Weaknesses ·   Was perceived as vendor (Microsoft) protocol

·   Built around the use of a static data-model (RDBMS, JPA, etc)

·   No concept of federation of data-sources

·   Identities defined with respect to the server.

·   Inferencing limited to sub-classes of objects


·   Application development frameworks that are aligned with RDF/SPARQL limited.

·   Difficult to access from de-facto standard BI tools such as Excel.

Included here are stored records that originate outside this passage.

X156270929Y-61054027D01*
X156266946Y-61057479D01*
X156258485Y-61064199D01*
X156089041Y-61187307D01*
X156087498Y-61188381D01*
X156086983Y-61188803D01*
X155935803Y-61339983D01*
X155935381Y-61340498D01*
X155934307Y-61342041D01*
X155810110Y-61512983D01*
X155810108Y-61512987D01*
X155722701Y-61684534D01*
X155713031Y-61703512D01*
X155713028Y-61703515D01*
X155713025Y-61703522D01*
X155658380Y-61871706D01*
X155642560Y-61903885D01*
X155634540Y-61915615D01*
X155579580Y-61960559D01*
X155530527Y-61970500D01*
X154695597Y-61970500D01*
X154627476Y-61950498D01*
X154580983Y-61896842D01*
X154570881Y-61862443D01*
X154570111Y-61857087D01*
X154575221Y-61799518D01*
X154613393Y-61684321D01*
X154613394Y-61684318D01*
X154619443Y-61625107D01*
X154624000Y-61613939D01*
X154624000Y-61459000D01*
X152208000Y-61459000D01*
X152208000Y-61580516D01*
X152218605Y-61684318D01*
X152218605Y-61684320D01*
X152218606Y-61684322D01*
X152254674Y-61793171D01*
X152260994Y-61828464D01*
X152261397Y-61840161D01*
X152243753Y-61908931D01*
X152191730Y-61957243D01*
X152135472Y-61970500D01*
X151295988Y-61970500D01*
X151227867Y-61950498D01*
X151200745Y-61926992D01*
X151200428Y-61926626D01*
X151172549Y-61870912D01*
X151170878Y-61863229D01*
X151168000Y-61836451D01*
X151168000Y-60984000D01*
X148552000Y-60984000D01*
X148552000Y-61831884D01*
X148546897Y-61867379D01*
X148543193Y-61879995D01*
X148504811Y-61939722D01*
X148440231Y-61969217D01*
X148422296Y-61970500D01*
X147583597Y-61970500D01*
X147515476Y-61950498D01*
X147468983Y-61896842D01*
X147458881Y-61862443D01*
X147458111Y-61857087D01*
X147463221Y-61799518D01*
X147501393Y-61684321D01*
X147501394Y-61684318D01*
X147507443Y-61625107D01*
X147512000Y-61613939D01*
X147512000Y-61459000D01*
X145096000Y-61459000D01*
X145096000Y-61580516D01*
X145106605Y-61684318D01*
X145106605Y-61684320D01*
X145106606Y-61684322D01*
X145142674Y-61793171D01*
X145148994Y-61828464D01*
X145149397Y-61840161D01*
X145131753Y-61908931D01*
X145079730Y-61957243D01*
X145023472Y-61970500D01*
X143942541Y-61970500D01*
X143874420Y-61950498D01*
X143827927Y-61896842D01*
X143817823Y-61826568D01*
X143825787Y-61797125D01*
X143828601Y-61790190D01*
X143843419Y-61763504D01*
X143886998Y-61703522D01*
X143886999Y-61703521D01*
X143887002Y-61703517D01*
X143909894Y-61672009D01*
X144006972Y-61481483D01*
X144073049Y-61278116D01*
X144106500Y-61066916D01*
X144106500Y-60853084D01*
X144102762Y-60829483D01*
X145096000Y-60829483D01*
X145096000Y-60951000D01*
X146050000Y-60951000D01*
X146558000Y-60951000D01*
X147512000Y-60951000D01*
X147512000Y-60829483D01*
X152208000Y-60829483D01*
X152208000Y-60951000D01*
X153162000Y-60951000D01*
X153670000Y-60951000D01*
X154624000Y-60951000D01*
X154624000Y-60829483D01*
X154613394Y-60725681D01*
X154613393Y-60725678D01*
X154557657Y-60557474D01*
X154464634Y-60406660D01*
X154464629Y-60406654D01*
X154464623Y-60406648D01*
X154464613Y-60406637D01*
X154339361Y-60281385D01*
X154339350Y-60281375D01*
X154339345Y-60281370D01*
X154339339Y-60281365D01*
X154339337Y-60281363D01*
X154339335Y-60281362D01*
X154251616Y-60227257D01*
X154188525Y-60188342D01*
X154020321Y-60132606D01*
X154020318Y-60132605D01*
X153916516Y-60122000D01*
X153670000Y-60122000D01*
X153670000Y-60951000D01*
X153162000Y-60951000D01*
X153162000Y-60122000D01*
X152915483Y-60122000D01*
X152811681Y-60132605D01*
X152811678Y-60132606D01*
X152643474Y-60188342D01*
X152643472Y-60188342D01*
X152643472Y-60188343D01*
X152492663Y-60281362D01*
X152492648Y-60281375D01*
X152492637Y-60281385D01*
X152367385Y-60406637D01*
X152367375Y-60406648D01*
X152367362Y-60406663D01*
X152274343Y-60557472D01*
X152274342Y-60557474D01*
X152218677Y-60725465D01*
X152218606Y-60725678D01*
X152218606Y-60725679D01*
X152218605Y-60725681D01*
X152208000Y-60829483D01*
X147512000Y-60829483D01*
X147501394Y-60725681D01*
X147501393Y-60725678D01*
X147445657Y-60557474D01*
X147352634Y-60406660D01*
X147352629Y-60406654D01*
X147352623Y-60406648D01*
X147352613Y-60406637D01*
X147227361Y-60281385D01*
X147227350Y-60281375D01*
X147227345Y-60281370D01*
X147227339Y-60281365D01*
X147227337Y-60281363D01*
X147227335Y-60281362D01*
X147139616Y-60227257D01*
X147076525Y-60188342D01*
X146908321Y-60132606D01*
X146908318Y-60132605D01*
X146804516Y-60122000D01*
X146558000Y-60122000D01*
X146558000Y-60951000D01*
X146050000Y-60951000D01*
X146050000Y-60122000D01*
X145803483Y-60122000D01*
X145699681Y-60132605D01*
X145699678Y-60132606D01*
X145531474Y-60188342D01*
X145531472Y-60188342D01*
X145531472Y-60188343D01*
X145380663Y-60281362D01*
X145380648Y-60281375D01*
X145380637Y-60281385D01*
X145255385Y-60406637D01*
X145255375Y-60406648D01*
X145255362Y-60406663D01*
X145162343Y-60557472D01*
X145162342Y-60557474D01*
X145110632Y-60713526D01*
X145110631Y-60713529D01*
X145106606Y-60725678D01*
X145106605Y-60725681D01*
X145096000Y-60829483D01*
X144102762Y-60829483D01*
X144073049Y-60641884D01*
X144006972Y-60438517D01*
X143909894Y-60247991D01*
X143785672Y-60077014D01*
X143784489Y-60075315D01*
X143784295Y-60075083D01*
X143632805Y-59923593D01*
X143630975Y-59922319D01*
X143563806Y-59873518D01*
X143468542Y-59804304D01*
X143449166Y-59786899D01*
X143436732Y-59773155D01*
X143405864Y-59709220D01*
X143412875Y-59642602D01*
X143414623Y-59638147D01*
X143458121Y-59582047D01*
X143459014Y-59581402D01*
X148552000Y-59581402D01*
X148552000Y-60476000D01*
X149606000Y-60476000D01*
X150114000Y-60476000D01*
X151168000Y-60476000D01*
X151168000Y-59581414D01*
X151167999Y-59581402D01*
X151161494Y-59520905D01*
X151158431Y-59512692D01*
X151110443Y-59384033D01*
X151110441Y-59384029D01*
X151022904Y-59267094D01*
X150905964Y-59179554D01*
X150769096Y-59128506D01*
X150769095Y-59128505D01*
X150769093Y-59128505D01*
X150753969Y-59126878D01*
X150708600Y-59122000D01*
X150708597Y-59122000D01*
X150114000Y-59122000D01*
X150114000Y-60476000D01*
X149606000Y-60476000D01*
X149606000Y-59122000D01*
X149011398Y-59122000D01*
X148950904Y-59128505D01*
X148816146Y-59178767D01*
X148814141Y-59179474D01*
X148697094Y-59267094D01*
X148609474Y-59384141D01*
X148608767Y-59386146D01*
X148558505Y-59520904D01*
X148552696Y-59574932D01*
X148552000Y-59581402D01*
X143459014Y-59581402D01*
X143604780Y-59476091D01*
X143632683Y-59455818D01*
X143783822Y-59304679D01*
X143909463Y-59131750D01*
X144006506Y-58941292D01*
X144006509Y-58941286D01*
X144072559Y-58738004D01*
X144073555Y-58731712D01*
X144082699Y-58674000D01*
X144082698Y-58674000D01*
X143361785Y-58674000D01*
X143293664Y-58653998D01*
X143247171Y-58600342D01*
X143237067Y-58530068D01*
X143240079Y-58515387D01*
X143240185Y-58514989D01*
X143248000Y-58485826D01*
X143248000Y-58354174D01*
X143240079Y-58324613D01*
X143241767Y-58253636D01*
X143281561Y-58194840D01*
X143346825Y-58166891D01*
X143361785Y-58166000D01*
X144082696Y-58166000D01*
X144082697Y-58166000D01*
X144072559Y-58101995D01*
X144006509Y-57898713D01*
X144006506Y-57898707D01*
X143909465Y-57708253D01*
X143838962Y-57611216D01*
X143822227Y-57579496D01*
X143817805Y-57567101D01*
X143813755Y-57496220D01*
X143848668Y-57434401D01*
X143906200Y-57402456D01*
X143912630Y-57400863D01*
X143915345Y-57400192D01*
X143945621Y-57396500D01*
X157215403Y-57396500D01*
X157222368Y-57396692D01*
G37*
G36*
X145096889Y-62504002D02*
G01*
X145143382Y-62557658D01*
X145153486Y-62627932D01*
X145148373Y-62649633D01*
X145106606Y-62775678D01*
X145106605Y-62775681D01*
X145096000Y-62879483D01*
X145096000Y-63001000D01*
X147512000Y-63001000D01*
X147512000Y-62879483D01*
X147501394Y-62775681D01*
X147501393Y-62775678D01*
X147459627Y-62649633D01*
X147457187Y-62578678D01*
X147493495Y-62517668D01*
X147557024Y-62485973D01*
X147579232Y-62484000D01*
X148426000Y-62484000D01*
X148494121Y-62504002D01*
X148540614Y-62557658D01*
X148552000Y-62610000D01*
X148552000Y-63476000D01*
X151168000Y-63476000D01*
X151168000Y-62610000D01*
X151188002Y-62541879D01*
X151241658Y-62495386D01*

·   Difficult to report using popular reporting tools



OData2SPARQL: OData complementing RDF/SPARQL

The data management strengths of SPARQL/RDF can be combined with the application development strengths of OData with a protocol proxy: OData4SPARQL. OData4SPARQL is the Janus-point between the application development world and the semantic information world.

  • Brings together the strength of a ubiquitous RESTful interface standard (OData) with the flexibility, federation ability of RDF/SPARQL.
  • SPARQL/OData Interop proposed W3C interoperation proxy between OData and SPARQL (Kal Ahmed, 2013)
  • Opens up many popular user-interface development frameworks and tools such as OpneUI5.
  • Acts as a Janus-point between application development and data-sources.
  • User interface developers are not, and do not want to be, database developers. Therefore they want to use a standardized interface that abstracts away the database, even to the extent of what type of database: RDBMS, NoSQL, or RDF/SPARQL
  • By providing an OData4SPARQL server, it opens up any SPARQL data-source to the C#/LINQ development world.
  • Opens up many productivity tools such as Excel/PowerQuery, and SharePoint to be consumers of SPARQL data such as Dbpedia, Chembl, Chebi, BioPax and any of the Linked Open Data endpoints!
  • Microsoft has been joined by IBM and SAP using OData as their primary interface method which means there will many application developers familiar with OData as the means to communicate with a backend data source.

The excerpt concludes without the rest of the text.